Another benefit of small, rural towns: plenty of space. This back yard with a barn or storage shed in the background is right in town, a few blocks away from the main road and close to the pond above. You would have to be very wealthy — and very ostentatious — indeed to have a place like this in, say, Osaka city.

It was good to be back in Sweden for a few days. I got to hear my own language for a change, and spend some time in my own culture. But it did feel a little strange for much of the time. I guess culture and language — slang, catchphrases, current events — is beginning to diverge enough from my own remembered experience that it starts to be noticeable and become just a little disorienting. It's like hearing a new version of an old favourite tune that you haven't heard in years.
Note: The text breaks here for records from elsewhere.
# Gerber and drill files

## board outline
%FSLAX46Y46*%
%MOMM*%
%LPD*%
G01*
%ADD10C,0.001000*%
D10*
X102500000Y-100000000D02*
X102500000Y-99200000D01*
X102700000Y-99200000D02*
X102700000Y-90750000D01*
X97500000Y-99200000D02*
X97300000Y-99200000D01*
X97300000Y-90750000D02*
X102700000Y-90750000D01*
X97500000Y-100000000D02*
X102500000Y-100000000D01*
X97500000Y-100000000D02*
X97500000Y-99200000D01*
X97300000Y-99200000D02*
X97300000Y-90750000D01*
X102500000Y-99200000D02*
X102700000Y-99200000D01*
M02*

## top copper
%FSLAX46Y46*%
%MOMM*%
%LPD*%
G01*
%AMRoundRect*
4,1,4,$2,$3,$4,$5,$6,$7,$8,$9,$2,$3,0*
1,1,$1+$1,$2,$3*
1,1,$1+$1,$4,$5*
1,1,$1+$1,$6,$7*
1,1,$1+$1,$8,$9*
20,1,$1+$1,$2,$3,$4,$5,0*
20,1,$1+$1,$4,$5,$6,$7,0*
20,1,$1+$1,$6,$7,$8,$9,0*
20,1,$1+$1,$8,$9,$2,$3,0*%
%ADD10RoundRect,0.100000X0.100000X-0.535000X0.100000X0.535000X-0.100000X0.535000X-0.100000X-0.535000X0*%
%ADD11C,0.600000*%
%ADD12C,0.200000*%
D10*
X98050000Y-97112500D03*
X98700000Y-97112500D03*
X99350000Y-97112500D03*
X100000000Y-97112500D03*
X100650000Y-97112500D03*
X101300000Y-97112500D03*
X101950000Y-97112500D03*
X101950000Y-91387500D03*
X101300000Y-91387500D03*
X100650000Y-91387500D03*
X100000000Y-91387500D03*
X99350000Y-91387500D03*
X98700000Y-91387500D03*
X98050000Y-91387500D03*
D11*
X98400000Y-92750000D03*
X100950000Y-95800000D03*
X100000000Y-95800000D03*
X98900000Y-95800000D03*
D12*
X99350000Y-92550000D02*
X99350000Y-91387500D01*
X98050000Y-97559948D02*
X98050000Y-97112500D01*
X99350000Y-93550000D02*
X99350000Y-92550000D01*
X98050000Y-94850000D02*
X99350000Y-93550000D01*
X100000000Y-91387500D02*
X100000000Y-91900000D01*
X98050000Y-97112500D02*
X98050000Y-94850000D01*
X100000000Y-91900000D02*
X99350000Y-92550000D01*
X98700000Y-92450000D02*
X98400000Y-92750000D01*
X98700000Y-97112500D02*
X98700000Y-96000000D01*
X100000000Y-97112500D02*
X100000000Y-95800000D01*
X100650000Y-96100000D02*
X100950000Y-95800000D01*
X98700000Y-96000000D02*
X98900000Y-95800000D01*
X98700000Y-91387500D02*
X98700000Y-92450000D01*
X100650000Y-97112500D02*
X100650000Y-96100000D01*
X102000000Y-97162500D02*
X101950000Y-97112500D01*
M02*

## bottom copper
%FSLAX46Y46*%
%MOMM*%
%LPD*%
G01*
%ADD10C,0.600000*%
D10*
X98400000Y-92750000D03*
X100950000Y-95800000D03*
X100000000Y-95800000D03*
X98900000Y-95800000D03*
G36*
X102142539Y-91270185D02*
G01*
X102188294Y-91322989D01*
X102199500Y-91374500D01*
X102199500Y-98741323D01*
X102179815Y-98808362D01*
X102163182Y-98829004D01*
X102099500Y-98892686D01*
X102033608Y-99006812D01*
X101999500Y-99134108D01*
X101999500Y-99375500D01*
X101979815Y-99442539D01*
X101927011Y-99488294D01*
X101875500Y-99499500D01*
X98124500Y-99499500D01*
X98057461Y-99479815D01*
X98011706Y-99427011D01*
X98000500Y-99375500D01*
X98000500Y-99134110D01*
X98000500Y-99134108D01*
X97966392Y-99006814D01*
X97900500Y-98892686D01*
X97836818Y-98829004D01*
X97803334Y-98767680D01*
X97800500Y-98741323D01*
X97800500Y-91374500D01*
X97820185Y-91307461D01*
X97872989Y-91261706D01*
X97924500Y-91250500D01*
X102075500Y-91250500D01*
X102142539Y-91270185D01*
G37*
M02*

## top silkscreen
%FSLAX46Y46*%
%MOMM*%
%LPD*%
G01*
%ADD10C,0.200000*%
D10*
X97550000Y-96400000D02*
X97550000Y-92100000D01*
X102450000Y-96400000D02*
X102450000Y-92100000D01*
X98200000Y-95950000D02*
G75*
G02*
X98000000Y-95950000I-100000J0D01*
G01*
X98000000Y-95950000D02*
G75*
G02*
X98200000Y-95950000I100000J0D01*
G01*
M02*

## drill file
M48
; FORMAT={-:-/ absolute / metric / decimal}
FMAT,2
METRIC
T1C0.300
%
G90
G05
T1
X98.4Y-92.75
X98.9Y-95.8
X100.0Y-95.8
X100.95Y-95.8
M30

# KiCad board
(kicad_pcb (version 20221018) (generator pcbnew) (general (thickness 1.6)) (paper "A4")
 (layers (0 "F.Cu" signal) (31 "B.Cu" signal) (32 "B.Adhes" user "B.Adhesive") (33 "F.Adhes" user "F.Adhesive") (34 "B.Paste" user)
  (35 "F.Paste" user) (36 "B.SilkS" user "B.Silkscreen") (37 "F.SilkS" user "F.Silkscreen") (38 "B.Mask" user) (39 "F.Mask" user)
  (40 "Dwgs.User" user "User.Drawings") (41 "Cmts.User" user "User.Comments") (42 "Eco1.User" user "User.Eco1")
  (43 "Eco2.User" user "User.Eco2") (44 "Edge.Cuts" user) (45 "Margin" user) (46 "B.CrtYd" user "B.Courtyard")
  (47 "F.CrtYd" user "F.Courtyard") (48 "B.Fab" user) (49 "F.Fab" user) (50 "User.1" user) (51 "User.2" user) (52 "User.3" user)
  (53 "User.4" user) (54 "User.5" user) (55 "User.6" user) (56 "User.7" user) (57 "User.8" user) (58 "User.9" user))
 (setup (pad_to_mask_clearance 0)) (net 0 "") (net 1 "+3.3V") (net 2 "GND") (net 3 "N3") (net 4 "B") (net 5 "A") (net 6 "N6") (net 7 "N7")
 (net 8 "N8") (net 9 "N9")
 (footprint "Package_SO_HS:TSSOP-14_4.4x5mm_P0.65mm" (layer "F.Cu") (at 100 94.25 90)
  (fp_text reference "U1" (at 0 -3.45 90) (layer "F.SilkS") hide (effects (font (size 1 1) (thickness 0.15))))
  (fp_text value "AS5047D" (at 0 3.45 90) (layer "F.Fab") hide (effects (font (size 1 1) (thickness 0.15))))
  (fp_line (start -2.15 -2.45) (end 2.15 -2.45) (stroke (width 0.2) (type default)) (layer "F.SilkS"))
  (fp_line (start -2.15 2.45) (end 2.15 2.45) (stroke (width 0.2) (type default)) (layer "F.SilkS"))
  (fp_circle (center -1.7 -1.9) (end -1.7 -1.8) (stroke (width 0.2) (type default)) (fill none) (layer "F.SilkS"))
  (pad "1" smd roundrect (at -2.8625 -1.95 90) (size 1.27 0.4) (layers "F.Cu" "F.Paste" "F.Mask") (roundrect_rratio 0.25) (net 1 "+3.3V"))
  (pad "2" smd roundrect (at -2.8625 -1.3 90) (size 1.27 0.4) (layers "F.Cu" "F.Paste" "F.Mask") (roundrect_rratio 0.25) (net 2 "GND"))
  (pad "3" smd roundrect (at -2.8625 -0.65 90) (size 1.27 0.4) (layers "F.Cu" "F.Paste" "F.Mask") (roundrect_rratio 0.25) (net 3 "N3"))
  (pad "4" smd roundrect (at -2.8625 0 90) (size 1.27 0.4) (layers "F.Cu" "F.Paste" "F.Mask") (roundrect_rratio 0.25) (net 2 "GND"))
  (pad "5" smd roundrect (at -2.8625 0.65 90) (size 1.27 0.4) (layers "F.Cu" "F.Paste" "F.Mask") (roundrect_rratio 0.25) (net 2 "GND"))
  (pad "6" smd roundrect (at -2.8625 1.3 90) (size 1.27 0.4) (layers "F.Cu" "F.Paste" "F.Mask") (roundrect_rratio 0.25) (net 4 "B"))
  (pad "7" smd roundrect (at -2.8625 1.95 90) (size 1.27 0.4) (layers "F.Cu" "F.Paste" "F.Mask") (roundrect_rratio 0.25) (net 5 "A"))
  (pad "8" smd roundrect (at 2.8625 1.95 90) (size 1.27 0.4) (layers "F.Cu" "F.Paste" "F.Mask") (roundrect_rratio 0.25) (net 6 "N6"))
  (pad "9" smd roundrect (at 2.8625 1.3 90) (size 1.27 0.4) (layers "F.Cu" "F.Paste" "F.Mask") (roundrect_rratio 0.25) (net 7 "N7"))
  (pad "10" smd roundrect (at 2.8625 0.65 90) (size 1.27 0.4) (layers "F.Cu" "F.Paste" "F.Mask") (roundrect_rratio 0.25) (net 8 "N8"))
  (pad "11" smd roundrect (at 2.8625 0 90) (size 1.27 0.4) (layers "F.Cu" "F.Paste" "F.Mask") (roundrect_rratio 0.25) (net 1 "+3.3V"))
  (pad "12" smd roundrect (at 2.8625 -0.65 90) (size 1.27 0.4) (layers "F.Cu" "F.Paste" "F.Mask") (roundrect_rratio 0.25) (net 1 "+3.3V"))
  (pad "13" smd roundrect (at 2.8625 -1.3 90) (size 1.27 0.4) (layers "F.Cu" "F.Paste" "F.Mask") (roundrect_rratio 0.25) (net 2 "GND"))
  (pad "14" smd roundrect (at 2.8625 -1.95 90) (size 1.27 0.4) (layers "F.Cu" "F.Paste" "F.Mask") (roundrect_rratio 0.25) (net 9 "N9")))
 (gr_line (start 102.5 100) (end 102.5 99.2) (stroke (width 0.001) (type solid)) (layer "Edge.Cuts"))
 (gr_line (start 102.7 99.2) (end 102.7 90.75) (stroke (width 0.001) (type solid)) (layer "Edge.Cuts"))
 (gr_line (start 97.5 99.2) (end 97.3 99.2) (stroke (width 0.001) (type solid)) (layer "Edge.Cuts"))
 (gr_line (start 97.3 90.75) (end 102.7 90.75) (stroke (width 0.001) (type solid)) (layer "Edge.Cuts"))
 (gr_line (start 97.5 100) (end 102.5 100) (stroke (width 0.001) (type solid)) (layer "Edge.Cuts"))
 (gr_line (start 97.5 100) (end 97.5 99.2) (stroke (width 0.001) (type solid)) (layer "Edge.Cuts"))
 (gr_line (start 97.3 99.2) (end 97.3 90.75) (stroke (width 0.001) (type solid)) (layer "Edge.Cuts"))
 (gr_line (start 102.5 99.2) (end 102.7 99.2) (stroke (width 0.001) (type solid)) (layer "Edge.Cuts"))
 (segment (start 99.35 92.55) (end 99.35 91.3875) (width 0.2) (layer "F.Cu") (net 1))
 (segment (start 98.05 97.559948) (end 98.05 97.1125) (width 0.2) (layer "F.Cu") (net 1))
 (segment (start 99.35 93.55) (end 99.35 92.55) (width 0.2) (layer "F.Cu") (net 1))
 (segment (start 98.05 94.85) (end 99.35 93.55) (width 0.2) (layer "F.Cu") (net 1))
 (segment (start 100 91.3875) (end 100 91.9) (width 0.2) (layer "F.Cu") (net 1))
 (segment (start 98.05 97.1125) (end 98.05 94.85) (width 0.2) (layer "F.Cu") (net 1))
 (segment (start 100 91.9) (end 99.35 92.55) (width 0.2) (layer "F.Cu") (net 1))
 (segment (start 98.7 92.45) (end 98.4 92.75) (width 0.2) (layer "F.Cu") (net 2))
 (segment (start 98.7 97.1125) (end 98.7 96) (width 0.2) (layer "F.Cu") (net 2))
 (segment (start 100 97.1125) (end 100 95.8) (width 0.2) (layer "F.Cu") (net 2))
 (segment (start 100.65 96.1) (end 100.95 95.8) (width 0.2) (layer "F.Cu") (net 2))
 (segment (start 98.7 96) (end 98.9 95.8) (width 0.2) (layer "F.Cu") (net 2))
 (segment (start 98.7 91.3875) (end 98.7 92.45) (width 0.2) (layer "F.Cu") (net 2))
 (segment (start 100.65 97.1125) (end 100.65 96.1) (width 0.2) (layer "F.Cu") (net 2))
 (via (at 98.4 92.75) (size 0.6) (drill 0.3) (layers "F.Cu" "B.Cu") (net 2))
 (via (at 100.95 95.8) (size 0.6) (drill 0.3) (layers "F.Cu" "B.Cu") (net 2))
 (via (at 100 95.8) (size 0.6) (drill 0.3) (layers "F.Cu" "B.Cu") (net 2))
 (via (at 98.9 95.8) (size 0.6) (drill 0.3) (layers "F.Cu" "B.Cu") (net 2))
 (segment (start 102 97.1625) (end 101.95 97.1125) (width 0.2) (layer "F.Cu") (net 5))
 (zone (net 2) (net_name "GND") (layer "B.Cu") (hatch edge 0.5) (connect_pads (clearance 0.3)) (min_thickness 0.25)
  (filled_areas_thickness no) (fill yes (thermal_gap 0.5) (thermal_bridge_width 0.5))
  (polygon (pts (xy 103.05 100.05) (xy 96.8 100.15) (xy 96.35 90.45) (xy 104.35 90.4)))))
Not worse than you remember, just a little different.

More pictures in the Flickr set.

Sunday, December 4, 2011

JLPT

It's the first sunday in december. Yes, boys and girls — it's time for 日本語能力試験 (nihongo nōryoku shiken), or the "Japanese language proficiency test".

I'm taking level 1. Like I did last year. And the year before. And the year before that. And I expect to fail this year too. I do suspect I'll be decently close; If I am, I may try it for real next summer and study for the test over spring.

I don't really need the test right now, but it would be good to have it done and over with. It's kind of like Pokemon — you want to collect all the levels. And there's a proposal to let a passing JLPT grade improve your chances to get a working visa here; if that proposal is enacted the test becomes fairly important.

Thursday, December 1, 2011

Wikipedia — Donate!

Wikipedia is, in a way, the most important site I know. For my specific line of research I of course lean heavily on research papers and books. For most anything else, including fields close to mine, Wikipedia is usually my first stop¹ for anything I want to know more about. It is of course unreliable and superficial — and traditional encyclopedias are even more so — but it is a great "map of the land" and launch pad for more reliable, detailed information elsewhere.

There is possibly no other single resource on earth that is as influential and as important, whether your interest is in the advancement of natural science or the definite lineup of characters in One Piece. Wikipedia is run by a non-profit organization and is currently running a donation drive. You could do worse than go over there and donate a few yen, euro, dollars or crowns. After all, you know that you're using Wikipedia far beyond what you pay anyway, right?

--

#1 …and my second, as I click an interesting-sounding link; then my third as I follow another one; then fourth… And suddenly I realize I've spent the last six hours on the site and now learning all about medieval time keeping mechanisms or something. The site is not so much saving me time as much as redirecting it.